Preferred Citation: Tunick, Mark. Punishment: Theory and Practice. Berkeley:  University of California Press,  c1992 1992. http://ark.cdlib.org/ark:/13030/ft4q2nb3dn/


 
1 Introduction

1. The Issues, External and Internal

Of all our social practices, legal punishment is one of the most troubling to us. When we—that is, the state—legally punish, we invoke our authority in order to inflict pain, deprivation, or some other form of suffering.[1] The state's power to punish legally can be the power of life and death. In Judge Roy Jones's proposal that a mother who fed her four-year-old son fatal doses of psychiatric drugs agree to sterilization in exchange for a reduction in sentence, declaring that she was "a person who no longer needs ever to have any children," could be heard the voice of God: be not fruitful, do not multiply.[2]

[1] Only the state or public authority may with right legally punish: see Thomas Hobbes, Leviathan , ed. Michael Oakeshott (New York: Collier Books, 1962), ch. 28 ("executed by a due authority"); and Antony Flew, "The Justification of Punishment," Philosophy , vol. 29, no. 111 (October 1954), pp. 292–94.

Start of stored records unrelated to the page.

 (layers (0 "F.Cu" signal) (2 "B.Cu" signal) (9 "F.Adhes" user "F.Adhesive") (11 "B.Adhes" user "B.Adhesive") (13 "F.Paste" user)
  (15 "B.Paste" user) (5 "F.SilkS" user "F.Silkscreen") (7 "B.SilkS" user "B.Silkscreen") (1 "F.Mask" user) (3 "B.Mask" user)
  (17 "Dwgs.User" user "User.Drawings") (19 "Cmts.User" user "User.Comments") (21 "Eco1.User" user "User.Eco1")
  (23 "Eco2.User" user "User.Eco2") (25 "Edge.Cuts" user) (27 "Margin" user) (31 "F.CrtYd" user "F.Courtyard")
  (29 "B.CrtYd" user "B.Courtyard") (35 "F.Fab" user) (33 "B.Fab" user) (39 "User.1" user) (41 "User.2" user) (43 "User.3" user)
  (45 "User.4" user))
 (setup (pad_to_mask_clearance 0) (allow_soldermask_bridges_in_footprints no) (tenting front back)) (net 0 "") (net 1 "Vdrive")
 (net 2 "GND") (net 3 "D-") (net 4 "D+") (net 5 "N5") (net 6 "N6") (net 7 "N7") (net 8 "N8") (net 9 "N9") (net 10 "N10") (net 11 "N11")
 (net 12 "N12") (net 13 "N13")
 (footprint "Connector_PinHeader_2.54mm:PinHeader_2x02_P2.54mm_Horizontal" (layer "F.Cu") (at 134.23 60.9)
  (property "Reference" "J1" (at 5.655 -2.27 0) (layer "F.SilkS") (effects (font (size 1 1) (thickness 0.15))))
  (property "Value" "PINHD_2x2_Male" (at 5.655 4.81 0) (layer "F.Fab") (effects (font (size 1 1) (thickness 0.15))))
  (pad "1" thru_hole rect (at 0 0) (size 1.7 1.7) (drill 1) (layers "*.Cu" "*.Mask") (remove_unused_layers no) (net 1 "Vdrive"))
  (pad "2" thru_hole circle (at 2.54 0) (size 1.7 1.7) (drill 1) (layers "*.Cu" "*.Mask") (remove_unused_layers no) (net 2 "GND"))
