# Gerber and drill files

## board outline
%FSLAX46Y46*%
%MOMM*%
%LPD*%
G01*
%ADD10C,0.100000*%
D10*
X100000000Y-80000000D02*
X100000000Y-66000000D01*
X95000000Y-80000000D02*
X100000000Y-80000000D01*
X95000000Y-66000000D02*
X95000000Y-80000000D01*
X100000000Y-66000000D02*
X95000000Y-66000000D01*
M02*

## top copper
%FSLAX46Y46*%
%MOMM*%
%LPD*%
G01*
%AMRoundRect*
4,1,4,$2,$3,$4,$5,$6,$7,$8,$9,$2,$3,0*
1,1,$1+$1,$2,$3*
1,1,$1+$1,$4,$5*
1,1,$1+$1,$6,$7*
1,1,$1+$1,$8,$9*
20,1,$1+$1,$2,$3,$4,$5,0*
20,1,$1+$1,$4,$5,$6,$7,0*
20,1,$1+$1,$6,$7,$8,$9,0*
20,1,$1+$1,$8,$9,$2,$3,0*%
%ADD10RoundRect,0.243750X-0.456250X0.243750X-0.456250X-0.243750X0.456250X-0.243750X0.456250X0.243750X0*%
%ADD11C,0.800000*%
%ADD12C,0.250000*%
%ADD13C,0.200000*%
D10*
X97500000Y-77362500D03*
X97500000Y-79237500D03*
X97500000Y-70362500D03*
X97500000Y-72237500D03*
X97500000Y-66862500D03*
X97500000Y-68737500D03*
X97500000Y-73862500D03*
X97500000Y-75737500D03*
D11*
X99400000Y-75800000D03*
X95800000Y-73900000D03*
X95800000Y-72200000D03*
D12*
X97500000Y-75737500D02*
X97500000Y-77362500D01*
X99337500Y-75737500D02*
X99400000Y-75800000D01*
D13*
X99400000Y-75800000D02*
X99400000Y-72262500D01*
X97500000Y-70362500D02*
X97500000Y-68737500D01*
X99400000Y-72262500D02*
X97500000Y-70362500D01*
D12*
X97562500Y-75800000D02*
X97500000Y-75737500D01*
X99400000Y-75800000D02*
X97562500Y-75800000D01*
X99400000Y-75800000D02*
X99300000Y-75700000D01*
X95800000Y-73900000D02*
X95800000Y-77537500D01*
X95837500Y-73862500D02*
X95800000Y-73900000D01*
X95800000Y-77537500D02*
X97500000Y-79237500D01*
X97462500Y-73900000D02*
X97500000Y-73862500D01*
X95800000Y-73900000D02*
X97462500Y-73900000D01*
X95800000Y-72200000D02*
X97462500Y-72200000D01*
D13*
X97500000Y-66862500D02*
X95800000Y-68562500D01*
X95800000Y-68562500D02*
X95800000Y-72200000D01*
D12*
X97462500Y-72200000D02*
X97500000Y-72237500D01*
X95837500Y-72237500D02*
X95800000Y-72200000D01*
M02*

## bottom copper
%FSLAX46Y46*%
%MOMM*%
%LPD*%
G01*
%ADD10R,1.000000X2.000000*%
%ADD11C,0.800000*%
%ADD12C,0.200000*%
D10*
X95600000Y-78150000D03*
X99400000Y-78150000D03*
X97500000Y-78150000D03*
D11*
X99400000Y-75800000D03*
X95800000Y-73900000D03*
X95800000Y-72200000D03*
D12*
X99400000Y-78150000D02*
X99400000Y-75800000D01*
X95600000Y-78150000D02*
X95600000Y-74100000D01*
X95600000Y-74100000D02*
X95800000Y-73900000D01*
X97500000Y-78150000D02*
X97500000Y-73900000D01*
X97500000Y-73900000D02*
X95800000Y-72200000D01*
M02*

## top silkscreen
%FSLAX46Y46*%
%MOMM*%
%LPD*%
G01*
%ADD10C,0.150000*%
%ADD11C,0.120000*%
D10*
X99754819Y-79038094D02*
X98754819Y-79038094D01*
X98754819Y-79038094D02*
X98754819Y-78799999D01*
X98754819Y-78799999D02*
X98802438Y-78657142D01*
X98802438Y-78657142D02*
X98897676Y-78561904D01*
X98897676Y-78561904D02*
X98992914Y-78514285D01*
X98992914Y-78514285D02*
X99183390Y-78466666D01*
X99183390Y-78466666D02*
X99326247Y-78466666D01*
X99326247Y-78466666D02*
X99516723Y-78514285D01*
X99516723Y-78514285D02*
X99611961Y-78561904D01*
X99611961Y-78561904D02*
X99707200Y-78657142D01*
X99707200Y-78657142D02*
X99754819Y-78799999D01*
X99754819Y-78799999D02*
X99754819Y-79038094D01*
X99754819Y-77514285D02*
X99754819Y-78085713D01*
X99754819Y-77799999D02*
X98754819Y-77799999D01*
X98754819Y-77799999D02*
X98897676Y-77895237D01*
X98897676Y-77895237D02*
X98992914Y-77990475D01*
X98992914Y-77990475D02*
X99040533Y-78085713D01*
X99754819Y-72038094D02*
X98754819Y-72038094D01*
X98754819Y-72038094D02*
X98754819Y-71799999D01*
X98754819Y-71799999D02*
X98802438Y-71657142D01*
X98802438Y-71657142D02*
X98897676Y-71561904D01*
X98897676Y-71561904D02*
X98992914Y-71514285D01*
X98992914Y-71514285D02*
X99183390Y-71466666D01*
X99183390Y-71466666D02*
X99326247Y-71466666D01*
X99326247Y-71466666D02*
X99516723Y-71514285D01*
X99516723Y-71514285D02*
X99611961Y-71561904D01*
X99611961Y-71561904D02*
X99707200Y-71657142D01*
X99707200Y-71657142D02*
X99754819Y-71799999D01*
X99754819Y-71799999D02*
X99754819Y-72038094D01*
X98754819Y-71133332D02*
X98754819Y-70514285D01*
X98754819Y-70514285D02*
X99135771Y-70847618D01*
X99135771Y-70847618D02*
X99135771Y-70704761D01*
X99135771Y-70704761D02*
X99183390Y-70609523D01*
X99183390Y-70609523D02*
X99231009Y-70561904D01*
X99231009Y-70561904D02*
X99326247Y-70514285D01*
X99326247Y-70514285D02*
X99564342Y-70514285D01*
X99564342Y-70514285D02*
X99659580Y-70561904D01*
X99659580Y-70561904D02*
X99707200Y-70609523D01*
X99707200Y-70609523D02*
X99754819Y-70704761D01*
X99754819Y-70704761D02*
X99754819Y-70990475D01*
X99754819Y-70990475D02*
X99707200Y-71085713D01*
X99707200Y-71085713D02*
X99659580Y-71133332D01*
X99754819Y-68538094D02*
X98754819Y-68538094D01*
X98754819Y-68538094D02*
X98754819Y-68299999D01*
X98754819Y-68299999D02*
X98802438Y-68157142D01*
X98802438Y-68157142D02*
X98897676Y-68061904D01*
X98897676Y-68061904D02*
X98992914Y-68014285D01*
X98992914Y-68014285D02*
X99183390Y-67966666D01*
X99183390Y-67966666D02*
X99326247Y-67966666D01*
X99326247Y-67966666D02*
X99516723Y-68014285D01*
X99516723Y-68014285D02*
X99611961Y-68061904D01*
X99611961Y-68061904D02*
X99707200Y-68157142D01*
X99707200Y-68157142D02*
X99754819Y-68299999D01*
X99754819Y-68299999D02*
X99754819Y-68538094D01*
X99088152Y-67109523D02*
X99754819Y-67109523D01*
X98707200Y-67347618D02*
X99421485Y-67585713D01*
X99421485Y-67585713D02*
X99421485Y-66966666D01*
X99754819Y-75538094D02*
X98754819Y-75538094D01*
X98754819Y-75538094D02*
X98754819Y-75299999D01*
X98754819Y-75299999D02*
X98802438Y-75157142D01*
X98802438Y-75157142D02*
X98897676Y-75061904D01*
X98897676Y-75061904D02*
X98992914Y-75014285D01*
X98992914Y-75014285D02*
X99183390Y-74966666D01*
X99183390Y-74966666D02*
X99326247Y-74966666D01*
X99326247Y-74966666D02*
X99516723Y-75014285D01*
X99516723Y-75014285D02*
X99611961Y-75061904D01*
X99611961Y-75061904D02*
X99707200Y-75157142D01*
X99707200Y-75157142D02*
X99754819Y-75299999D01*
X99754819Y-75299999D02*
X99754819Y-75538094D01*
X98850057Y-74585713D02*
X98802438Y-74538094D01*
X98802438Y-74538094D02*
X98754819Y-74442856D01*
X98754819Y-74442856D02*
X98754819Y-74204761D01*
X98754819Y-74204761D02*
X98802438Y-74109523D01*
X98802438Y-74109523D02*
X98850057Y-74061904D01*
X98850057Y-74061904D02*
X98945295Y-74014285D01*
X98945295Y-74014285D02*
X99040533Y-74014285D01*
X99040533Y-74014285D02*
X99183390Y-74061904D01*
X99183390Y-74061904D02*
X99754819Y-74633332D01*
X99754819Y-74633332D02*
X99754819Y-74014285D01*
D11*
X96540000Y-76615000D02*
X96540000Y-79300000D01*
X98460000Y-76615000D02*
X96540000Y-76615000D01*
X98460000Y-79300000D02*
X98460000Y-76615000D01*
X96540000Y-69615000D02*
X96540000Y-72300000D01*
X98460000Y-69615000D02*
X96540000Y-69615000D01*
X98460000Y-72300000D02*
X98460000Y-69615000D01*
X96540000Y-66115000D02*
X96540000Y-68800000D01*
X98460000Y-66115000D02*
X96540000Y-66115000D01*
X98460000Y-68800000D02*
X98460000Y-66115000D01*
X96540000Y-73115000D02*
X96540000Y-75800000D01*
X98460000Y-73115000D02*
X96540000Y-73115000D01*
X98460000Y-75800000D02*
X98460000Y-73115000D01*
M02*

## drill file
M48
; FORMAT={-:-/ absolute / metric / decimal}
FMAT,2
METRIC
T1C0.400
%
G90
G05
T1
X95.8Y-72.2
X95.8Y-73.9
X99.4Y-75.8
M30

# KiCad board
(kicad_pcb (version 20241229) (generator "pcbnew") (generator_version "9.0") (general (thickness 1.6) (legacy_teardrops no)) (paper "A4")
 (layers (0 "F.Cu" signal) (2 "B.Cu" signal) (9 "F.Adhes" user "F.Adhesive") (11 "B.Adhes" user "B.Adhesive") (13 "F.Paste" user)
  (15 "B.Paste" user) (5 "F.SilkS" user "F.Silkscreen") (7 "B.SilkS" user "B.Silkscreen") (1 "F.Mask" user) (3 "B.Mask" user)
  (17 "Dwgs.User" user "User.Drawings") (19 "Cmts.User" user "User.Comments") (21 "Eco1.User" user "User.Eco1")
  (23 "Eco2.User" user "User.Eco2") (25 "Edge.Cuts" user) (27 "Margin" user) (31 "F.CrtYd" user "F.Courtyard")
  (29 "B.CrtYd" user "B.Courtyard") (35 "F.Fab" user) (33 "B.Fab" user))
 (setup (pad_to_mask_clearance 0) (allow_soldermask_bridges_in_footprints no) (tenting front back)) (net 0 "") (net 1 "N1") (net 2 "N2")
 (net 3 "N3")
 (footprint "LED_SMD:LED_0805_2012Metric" (layer "F.Cu") (at 97.5 78.3 -90)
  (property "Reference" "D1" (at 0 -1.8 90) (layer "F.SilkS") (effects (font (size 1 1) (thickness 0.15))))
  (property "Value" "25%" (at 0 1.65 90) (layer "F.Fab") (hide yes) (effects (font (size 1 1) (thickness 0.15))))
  (fp_line (start -1.685 0.96) (end 1 0.96) (stroke (width 0.12) (type solid)) (layer "F.SilkS"))
  (fp_line (start -1.685 -0.96) (end -1.685 0.96) (stroke (width 0.12) (type solid)) (layer "F.SilkS"))
  (fp_line (start 1 -0.96) (end -1.685 -0.96) (stroke (width 0.12) (type solid)) (layer "F.SilkS"))
  (pad "1" smd roundrect (at -0.9375 0 270) (size 0.975 1.4) (layers "F.Cu" "F.Mask" "F.Paste") (roundrect_rratio 0.25) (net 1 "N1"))
  (pad "2" smd roundrect (at 0.9375 0 270) (size 0.975 1.4) (layers "F.Cu" "F.Mask" "F.Paste") (roundrect_rratio 0.25) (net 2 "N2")))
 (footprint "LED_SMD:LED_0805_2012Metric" (layer "F.Cu") (at 97.5 71.3 -90)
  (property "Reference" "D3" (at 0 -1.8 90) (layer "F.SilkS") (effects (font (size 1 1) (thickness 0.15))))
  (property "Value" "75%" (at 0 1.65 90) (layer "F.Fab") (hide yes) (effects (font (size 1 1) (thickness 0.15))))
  (fp_line (start -1.685 0.96) (end 1 0.96) (stroke (width 0.12) (type solid)) (layer "F.SilkS"))
  (fp_line (start -1.685 -0.96) (end -1.685 0.96) (stroke (width 0.12) (type solid)) (layer "F.SilkS"))
  (fp_line (start 1 -0.96) (end -1.685 -0.96) (stroke (width 0.12) (type solid)) (layer "F.SilkS"))
  (pad "1" smd roundrect (at -0.9375 0 270) (size 0.975 1.4) (layers "F.Cu" "F.Mask" "F.Paste") (roundrect_rratio 0.25) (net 1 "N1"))
  (pad "2" smd roundrect (at 0.9375 0 270) (size 0.975 1.4) (layers "F.Cu" "F.Mask" "F.Paste") (roundrect_rratio 0.25) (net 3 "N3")))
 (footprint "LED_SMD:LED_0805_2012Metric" (layer "F.Cu") (at 97.5 67.8 -90)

[2] New York Times , September 25, 1988. Some courts have challenged such rulings. The South Carolina Supreme Court reversed an order that a young woman who abandoned her two young sons in a sweltering apartment remain on birth control for the rest of her childbearing years, but on the grounds that this punishment was unenforceable because of the fallibility of birth control (New York Times , May 26, 1988). See also Skinner v. Oklahoma , 316 U.S. 535 (1942), in which the U.S. Supreme Court struck down Oklahoma's Habitual Criminal Sterilization Act, which authorized the sterilization of persons previously convicted and imprisoned two or more times for crimes "amounting to felonies involving moral turpitude" and thereafter convicted of such a felony and sentenced to prison.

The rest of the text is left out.